Figure 4.6: The logistic regression fit and its dependence on \(\beta_0\) (horizontal displacement) and \(\beta_1\) (steepness of the curve). Recall the effect of the sign of \(\beta_1\) in the curve: if positive, the logistic curve has an ‘s’ form; if negative, the form is a reflected ‘s’. Application also available here.

The data of the illustration has been generated with the following code:

# Data
x <- rnorm(50, sd = 1.5)
y1 <- -0.5 + 3 * x
y2 <- 0.5 - 2 * x
y3 <- -2 + 5 * x
y1 <- rbinom(50, size = 1, prob = 1 / (1 + exp(-y1)))
y2 <- rbinom(50, size = 1, prob = 1 / (1 + exp(-y2)))
y3 <- rbinom(50, size = 1, prob = 1 / (1 + exp(-y3)))

# Data
dataMle <- data.frame(x = x, y1 = y1, y2 = y2, y3 = y3)

Let’s check that indeed the coefficients given by glm are the ones that maximize the likelihood given in the animation of Figure 4.6. We do so for y ~ x1.

mod <- glm(y1 ~ x, family = "binomial", data = dataMle)
## (Intercept)           x 
##  -0.1691947   2.4281626

For the regressions y ~ x2 and y ~ x3, do the following:

  • Check that the true \(\boldsymbol{\beta}\) is close to maximizing the likelihood computed in Figure 4.6.
  • Plot the fitted logistic curve and compare it with the one in Figure 4.6.

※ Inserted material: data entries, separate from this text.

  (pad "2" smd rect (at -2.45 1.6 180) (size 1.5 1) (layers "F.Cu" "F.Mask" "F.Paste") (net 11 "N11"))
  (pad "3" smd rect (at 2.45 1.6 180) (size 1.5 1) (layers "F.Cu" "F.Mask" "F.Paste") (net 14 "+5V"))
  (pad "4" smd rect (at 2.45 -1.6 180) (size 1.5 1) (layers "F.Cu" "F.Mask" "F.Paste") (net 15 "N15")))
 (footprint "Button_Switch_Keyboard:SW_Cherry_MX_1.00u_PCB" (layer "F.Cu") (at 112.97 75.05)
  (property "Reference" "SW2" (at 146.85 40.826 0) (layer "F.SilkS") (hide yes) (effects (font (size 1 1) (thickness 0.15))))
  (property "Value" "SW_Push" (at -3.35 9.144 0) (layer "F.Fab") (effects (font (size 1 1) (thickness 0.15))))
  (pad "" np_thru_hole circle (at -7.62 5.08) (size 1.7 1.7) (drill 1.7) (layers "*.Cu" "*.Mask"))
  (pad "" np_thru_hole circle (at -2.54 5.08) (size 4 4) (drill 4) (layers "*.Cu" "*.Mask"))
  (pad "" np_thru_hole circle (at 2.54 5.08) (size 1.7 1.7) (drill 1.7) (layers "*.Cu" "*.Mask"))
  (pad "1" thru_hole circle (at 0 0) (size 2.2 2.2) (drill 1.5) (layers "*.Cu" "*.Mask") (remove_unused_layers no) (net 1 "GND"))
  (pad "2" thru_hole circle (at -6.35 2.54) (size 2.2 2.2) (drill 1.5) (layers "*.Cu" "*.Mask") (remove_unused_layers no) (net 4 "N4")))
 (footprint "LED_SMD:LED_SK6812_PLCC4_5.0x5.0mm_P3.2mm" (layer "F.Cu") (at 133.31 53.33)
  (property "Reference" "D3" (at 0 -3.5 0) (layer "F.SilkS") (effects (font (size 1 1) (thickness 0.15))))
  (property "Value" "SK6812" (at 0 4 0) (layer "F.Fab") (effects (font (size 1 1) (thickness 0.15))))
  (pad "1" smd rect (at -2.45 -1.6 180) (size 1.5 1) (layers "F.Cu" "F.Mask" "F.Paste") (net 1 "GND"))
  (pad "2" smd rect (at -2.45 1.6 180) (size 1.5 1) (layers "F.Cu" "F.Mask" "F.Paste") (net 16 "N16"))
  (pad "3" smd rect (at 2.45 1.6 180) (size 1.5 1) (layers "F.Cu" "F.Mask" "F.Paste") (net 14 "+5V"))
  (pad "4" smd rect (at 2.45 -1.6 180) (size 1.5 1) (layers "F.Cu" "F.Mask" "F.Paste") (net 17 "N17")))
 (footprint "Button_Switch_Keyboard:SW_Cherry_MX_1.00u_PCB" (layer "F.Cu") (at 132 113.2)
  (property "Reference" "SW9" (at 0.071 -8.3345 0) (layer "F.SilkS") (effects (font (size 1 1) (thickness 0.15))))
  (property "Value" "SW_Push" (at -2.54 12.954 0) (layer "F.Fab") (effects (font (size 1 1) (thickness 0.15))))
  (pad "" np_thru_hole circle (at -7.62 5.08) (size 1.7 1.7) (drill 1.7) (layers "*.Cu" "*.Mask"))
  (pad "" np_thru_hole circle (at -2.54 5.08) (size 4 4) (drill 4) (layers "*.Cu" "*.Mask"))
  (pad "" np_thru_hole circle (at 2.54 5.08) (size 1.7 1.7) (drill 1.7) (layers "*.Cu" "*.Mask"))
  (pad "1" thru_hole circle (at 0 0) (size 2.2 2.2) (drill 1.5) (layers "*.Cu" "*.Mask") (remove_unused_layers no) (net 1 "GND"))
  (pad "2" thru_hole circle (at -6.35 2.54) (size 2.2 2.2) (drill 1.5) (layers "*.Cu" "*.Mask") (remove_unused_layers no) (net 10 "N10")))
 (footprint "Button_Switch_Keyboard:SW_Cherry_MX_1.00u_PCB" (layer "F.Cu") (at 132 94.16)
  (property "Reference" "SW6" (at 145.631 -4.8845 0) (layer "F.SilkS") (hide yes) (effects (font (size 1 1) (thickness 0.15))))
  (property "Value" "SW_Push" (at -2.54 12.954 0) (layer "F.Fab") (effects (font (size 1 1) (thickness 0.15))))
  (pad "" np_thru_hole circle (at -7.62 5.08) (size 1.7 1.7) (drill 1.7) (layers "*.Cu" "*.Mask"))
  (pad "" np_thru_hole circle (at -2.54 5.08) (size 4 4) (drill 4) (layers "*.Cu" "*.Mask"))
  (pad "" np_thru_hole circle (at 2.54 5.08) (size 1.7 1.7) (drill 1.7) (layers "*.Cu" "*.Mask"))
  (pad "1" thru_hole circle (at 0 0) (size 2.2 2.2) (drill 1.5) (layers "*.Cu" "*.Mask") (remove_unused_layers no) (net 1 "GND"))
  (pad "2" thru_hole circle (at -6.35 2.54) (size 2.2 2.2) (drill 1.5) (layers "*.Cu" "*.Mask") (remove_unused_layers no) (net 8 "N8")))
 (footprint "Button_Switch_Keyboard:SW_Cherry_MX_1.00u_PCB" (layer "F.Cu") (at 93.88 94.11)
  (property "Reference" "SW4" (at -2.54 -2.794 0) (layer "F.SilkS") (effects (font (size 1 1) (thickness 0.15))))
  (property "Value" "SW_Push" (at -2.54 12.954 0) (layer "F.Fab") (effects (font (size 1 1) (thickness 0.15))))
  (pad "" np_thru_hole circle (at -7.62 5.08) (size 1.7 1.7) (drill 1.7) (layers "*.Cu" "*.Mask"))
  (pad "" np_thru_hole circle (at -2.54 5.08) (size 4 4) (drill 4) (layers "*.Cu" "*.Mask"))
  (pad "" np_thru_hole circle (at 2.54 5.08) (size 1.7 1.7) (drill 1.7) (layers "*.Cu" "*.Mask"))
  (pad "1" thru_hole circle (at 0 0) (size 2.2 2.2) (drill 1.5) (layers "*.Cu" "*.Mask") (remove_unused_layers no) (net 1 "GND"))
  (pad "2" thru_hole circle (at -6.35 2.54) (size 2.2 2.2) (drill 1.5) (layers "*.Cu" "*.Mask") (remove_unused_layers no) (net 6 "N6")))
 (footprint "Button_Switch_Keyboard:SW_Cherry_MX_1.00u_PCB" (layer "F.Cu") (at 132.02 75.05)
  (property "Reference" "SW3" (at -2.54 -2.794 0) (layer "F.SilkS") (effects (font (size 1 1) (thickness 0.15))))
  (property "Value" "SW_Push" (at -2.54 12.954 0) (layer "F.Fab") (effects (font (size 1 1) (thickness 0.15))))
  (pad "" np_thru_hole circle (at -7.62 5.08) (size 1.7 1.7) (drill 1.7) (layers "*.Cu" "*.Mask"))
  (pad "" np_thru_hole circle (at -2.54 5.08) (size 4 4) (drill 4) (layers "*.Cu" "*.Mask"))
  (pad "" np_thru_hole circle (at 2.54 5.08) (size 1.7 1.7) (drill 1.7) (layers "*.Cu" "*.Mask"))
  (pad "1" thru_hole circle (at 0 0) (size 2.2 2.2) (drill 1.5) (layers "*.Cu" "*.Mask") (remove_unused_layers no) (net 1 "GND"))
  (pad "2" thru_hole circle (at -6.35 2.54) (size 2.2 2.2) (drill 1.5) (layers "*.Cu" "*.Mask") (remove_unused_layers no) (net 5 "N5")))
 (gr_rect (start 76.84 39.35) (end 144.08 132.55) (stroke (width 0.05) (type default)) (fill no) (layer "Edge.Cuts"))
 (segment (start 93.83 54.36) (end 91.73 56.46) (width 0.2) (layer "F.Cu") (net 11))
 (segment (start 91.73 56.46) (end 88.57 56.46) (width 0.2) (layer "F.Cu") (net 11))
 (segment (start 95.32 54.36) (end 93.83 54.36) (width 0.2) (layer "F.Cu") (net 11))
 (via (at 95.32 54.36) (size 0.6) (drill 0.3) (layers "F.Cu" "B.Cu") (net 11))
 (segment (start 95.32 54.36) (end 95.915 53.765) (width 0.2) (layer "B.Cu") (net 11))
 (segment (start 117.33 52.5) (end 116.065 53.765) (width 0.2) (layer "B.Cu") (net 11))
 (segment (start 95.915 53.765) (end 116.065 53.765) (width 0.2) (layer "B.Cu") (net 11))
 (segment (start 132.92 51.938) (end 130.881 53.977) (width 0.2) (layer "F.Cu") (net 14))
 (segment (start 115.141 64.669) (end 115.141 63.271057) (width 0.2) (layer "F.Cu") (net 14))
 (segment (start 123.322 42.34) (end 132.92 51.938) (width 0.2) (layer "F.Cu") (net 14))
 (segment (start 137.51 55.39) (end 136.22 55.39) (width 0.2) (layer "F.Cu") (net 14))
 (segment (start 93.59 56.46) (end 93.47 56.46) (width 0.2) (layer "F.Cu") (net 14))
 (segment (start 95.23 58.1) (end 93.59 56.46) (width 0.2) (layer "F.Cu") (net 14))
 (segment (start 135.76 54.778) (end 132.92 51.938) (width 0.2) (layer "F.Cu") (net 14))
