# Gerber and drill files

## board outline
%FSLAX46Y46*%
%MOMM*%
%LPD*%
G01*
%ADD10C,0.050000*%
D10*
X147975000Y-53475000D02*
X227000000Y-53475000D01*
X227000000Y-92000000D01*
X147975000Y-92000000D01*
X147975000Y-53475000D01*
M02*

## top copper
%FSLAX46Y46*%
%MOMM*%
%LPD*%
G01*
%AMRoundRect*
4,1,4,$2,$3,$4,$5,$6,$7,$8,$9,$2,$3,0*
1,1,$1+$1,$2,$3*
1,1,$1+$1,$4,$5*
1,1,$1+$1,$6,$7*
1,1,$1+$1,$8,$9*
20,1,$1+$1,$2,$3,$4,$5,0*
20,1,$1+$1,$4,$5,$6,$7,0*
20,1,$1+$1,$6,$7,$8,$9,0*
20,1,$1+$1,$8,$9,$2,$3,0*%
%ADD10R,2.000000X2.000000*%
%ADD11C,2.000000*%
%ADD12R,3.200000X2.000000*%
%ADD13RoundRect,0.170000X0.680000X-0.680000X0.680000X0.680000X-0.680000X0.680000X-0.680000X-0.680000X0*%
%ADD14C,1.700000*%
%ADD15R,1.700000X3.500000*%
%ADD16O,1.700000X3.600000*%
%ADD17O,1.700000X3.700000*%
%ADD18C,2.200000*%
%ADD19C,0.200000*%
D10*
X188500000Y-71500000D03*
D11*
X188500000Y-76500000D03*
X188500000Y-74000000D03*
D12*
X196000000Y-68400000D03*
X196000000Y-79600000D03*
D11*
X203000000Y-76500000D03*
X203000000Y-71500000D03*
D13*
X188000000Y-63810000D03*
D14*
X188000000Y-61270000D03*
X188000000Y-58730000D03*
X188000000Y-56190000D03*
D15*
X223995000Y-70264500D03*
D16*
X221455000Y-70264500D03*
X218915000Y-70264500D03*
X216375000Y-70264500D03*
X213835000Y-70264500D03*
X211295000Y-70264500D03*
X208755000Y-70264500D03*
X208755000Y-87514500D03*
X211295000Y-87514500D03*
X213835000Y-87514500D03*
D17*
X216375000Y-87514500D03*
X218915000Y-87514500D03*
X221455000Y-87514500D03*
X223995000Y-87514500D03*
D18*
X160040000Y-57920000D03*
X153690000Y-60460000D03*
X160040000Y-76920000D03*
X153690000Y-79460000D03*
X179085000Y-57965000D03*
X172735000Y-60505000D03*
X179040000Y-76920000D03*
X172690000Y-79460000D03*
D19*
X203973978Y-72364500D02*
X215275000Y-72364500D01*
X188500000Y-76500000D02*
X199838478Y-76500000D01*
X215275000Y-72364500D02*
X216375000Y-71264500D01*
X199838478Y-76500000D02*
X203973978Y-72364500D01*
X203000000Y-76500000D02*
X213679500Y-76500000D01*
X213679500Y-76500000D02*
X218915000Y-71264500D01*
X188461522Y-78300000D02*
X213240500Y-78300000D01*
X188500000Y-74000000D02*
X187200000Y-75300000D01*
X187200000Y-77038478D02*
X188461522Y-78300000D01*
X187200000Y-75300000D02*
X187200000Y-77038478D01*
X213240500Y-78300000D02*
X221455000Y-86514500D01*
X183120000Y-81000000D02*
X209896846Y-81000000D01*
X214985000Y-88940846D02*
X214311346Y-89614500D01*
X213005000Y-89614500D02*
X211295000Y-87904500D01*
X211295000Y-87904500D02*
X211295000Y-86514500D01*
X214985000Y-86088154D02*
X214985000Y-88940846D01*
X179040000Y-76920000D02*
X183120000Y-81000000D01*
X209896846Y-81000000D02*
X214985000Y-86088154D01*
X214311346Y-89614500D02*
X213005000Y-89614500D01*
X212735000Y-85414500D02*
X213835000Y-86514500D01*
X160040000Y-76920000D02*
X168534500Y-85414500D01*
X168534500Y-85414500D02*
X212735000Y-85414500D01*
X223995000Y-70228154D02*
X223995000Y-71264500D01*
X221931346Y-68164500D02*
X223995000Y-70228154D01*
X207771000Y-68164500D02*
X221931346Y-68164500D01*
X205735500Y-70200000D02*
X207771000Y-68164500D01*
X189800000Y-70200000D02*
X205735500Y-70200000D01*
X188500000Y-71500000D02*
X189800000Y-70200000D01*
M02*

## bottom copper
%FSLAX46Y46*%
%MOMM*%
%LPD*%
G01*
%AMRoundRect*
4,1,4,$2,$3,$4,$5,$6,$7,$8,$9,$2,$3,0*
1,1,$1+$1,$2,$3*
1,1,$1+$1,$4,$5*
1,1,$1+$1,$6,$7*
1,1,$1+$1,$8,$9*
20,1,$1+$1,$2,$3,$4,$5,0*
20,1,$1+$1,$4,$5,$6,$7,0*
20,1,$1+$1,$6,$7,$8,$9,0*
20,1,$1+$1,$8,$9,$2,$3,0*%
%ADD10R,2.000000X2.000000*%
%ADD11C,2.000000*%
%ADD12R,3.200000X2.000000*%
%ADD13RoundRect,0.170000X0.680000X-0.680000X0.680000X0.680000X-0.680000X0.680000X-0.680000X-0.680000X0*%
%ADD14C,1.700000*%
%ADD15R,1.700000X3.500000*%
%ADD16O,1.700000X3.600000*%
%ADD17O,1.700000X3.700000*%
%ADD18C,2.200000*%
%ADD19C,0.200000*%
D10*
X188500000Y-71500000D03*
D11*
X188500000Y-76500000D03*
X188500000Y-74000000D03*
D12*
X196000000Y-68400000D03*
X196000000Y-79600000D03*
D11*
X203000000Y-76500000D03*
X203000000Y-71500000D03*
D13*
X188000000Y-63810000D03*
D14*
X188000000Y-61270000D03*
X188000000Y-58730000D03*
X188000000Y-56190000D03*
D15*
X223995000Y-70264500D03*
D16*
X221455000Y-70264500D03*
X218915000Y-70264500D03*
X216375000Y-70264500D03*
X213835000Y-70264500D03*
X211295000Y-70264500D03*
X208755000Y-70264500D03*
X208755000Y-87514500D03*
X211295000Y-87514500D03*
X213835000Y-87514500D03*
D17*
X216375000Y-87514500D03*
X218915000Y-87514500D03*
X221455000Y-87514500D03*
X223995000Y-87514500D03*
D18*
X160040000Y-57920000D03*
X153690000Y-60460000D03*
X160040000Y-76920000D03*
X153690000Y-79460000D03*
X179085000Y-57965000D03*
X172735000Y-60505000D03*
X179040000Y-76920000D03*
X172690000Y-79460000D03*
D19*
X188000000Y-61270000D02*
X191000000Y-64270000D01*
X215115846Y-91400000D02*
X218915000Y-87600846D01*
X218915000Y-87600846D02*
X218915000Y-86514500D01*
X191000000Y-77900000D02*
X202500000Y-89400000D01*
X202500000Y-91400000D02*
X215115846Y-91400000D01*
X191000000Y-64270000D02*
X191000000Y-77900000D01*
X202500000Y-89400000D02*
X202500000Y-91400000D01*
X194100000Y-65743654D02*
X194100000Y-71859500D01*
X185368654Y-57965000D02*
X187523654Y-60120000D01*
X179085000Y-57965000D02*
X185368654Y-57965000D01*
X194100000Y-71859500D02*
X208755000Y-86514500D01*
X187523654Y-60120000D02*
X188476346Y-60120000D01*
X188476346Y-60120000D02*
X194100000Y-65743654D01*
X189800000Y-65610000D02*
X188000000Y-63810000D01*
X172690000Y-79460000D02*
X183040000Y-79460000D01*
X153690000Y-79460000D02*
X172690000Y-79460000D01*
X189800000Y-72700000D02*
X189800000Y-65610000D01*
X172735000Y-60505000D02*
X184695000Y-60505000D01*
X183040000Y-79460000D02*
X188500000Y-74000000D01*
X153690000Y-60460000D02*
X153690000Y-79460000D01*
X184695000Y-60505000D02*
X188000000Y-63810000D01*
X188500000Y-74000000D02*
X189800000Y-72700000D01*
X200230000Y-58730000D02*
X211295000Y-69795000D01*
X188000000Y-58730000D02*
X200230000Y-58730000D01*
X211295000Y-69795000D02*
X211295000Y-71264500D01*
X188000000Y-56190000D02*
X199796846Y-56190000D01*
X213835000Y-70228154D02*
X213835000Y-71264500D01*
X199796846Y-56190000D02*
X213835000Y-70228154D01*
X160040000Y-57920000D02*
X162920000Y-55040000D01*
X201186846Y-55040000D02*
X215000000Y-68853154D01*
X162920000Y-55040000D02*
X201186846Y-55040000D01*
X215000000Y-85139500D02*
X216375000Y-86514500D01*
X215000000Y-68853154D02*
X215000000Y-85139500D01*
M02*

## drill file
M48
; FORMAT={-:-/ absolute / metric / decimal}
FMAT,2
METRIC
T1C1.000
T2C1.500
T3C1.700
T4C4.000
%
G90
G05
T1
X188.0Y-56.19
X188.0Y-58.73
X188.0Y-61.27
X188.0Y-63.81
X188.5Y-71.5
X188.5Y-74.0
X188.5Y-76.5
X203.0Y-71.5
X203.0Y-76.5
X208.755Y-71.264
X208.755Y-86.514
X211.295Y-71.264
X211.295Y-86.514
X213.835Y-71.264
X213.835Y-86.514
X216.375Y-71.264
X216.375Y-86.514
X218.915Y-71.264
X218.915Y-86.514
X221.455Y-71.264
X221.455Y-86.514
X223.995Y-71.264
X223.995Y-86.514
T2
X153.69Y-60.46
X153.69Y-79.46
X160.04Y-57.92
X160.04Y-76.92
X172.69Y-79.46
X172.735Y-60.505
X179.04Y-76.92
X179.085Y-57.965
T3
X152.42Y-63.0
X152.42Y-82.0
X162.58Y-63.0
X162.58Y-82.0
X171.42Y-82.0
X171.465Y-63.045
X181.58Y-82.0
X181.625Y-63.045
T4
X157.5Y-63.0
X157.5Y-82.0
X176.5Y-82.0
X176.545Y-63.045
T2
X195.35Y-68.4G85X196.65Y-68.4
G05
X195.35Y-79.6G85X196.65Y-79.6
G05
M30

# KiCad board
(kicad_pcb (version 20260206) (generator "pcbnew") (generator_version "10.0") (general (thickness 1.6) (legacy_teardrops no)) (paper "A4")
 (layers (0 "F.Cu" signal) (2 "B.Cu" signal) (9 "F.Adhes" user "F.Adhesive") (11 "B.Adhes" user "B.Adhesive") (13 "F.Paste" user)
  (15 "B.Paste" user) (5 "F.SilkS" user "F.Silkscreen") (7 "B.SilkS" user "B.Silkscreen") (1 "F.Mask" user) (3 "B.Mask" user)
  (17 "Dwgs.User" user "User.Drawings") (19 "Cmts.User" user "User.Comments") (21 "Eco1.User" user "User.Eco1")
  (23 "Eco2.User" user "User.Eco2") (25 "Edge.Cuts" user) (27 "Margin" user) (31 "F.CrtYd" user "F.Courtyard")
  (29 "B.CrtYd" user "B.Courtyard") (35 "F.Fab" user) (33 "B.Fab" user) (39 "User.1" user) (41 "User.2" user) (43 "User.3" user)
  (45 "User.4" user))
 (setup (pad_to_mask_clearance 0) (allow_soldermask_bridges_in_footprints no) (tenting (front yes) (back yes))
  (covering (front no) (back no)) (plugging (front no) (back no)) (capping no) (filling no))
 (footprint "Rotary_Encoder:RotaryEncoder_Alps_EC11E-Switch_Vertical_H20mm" (layer "F.Cu") (at 188.5 71.5)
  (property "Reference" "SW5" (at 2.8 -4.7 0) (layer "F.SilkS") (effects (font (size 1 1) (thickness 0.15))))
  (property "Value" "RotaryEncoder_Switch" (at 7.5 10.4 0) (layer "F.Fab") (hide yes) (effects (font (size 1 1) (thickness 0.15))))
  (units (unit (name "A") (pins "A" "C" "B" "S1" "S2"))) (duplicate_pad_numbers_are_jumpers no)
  (pad "A" thru_hole rect (at 0 0) (size 2 2) (drill 1) (layers "*.Cu" "*.Mask") (remove_unused_layers no) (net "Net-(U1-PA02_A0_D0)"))
  (pad "B" thru_hole circle (at 0 5) (size 2 2) (drill 1) (layers "*.Cu" "*.Mask") (remove_unused_layers no) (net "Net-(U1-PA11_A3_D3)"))
  (pad "C" thru_hole circle (at 0 2.5) (size 2 2) (drill 1) (layers "*.Cu" "*.Mask") (remove_unused_layers no) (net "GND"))
  (pad "MP" thru_hole rect (at 7.5 -3.1) (size 3.2 2) (drill oval 2.8 1.5) (layers "*.Cu" "*.Mask") (remove_unused_layers no))
  (pad "MP" thru_hole rect (at 7.5 8.1) (size 3.2 2) (drill oval 2.8 1.5) (layers "*.Cu" "*.Mask") (remove_unused_layers no))
  (pad "S1" thru_hole circle (at 14.5 5) (size 2 2) (drill 1) (layers "*.Cu" "*.Mask") (remove_unused_layers no) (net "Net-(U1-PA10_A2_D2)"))
  (pad "S2" thru_hole circle (at 14.5 0) (size 2 2) (drill 1) (layers "*.Cu" "*.Mask") (remove_unused_layers no) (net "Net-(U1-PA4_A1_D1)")))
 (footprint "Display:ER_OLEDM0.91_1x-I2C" (layer "F.Cu") (at 188 63.81 90)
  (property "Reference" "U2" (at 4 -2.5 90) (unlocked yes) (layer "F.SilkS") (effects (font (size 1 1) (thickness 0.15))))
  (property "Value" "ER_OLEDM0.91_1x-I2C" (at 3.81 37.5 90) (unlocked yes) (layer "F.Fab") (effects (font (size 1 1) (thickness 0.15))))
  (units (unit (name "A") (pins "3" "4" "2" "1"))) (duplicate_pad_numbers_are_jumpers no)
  (pad "1" thru_hole roundrect (at 0 0 90) (size 1.7 1.7) (drill 1) (layers "*.Cu" "*.Mask") (remove_unused_layers no)
   (roundrect_rratio 0.1) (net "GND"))
  (pad "2" thru_hole circle (at 2.54 0 90) (size 1.7 1.7) (drill 1) (layers "*.Cu" "*.Mask") (remove_unused_layers no) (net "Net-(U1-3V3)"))
  (pad "3" thru_hole circle (at 5.08 0 90) (size 1.7 1.7) (drill 1) (layers "*.Cu" "*.Mask") (remove_unused_layers no)
   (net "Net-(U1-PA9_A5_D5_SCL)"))
  (pad "4" thru_hole circle (at 7.62 0 90) (size 1.7 1.7) (drill 1) (layers "*.Cu" "*.Mask") (remove_unused_layers no)
   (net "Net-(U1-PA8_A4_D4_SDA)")))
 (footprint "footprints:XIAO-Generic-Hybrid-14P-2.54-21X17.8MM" (layer "F.Cu") (at 216.375 78.8895 -90)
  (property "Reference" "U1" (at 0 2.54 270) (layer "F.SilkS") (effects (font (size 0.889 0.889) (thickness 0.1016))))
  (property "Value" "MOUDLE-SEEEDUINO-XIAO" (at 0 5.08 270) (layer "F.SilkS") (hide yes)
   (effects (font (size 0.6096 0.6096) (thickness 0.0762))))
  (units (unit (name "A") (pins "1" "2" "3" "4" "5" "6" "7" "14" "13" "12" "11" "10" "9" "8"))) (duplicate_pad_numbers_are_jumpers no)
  (pad "1" thru_hole rect (at -7.625 -7.62 270) (size 3.5 1.7) (drill 1 (offset -1 0)) (layers "*.Cu" "*.Mask") (remove_unused_layers no)
   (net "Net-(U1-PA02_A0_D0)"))
  (pad "2" thru_hole oval (at -7.625 -5.08 270) (size 3.6 1.7) (drill 1 (offset -1 0)) (layers "*.Cu" "*.Mask") (remove_unused_layers no)
   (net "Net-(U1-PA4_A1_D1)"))
  (pad "3" thru_hole oval (at -7.625 -2.54 270) (size 3.6 1.7) (drill 1 (offset -1 0)) (layers "*.Cu" "*.Mask") (remove_unused_layers no)
   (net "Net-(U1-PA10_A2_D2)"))
  (pad "4" thru_hole oval (at -7.625 0 270) (size 3.6 1.7) (drill 1 (offset -1 0)) (layers "*.Cu" "*.Mask") (remove_unused_layers no)
   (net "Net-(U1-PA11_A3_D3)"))
  (pad "5" thru_hole oval (at -7.625 2.54 270) (size 3.6 1.7) (drill 1 (offset -1 0)) (layers "*.Cu" "*.Mask") (remove_unused_layers no)
   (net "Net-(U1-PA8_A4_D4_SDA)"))
  (pad "6" thru_hole oval (at -7.625 5.08 90) (size 3.6 1.7) (drill 1 (offset 1 0)) (layers "*.Cu" "*.Mask") (remove_unused_layers no)
   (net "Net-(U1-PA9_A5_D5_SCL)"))
  (pad "7" thru_hole oval (at -7.625 7.62 270) (size 3.6 1.7) (drill 1 (offset -1 0)) (layers "*.Cu" "*.Mask") (remove_unused_layers no)
   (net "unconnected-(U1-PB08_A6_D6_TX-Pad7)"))
  (pad "8" thru_hole oval (at 7.625 7.62 270) (size 3.6 1.7) (drill 1 (offset 1 0)) (layers "*.Cu" "*.Mask") (remove_unused_layers no)
   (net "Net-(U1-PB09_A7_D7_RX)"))
  (pad "9" thru_hole oval (at 7.625 5.08 270) (size 3.6 1.7) (drill 1 (offset 1 0)) (layers "*.Cu" "*.Mask") (remove_unused_layers no)
   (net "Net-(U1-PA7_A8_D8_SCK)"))
  (pad "10" thru_hole oval (at 7.625 2.54 270) (size 3.6 1.7) (drill 1 (offset 1 0)) (layers "*.Cu" "*.Mask") (remove_unused_layers no)
   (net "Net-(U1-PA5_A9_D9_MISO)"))
  (pad "11" thru_hole oval (at 7.625 0 270) (size 3.7 1.7) (drill 1 (offset 1 0)) (layers "*.Cu" "*.Mask") (remove_unused_layers no)
   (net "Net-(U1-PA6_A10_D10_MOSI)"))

In linear regression we relied on least squares estimation, in other words, the minimization of the RSS. Why do we need MLE in logistic regression and not least squares? The answer is two-fold:

  1. MLE is asymptotically optimal when estimating unknown parameters in a model. That means that when the sample size n is large, it is guaranteed to perform better than any other estimation method. Therefore, considering a least squares approach for logistic regression will result in suboptimal estimates.
  2. In multiple linear regression, due to the normality assumption, MLE and least squares estimation coincide. So MLE is hidden under the form of the least squares, which is a more intuitive estimation procedure. Indeed, the maximized likelihood \(\text{lik}(\hat{\boldsymbol{\beta}})\) in the linear model and the RSS are intimately related.

As in the linear model, the inclusion of a new predictor changes the coefficient estimates of the logistic model.

  1. Recall that the result of a bet is binary: you either win or lose the bet.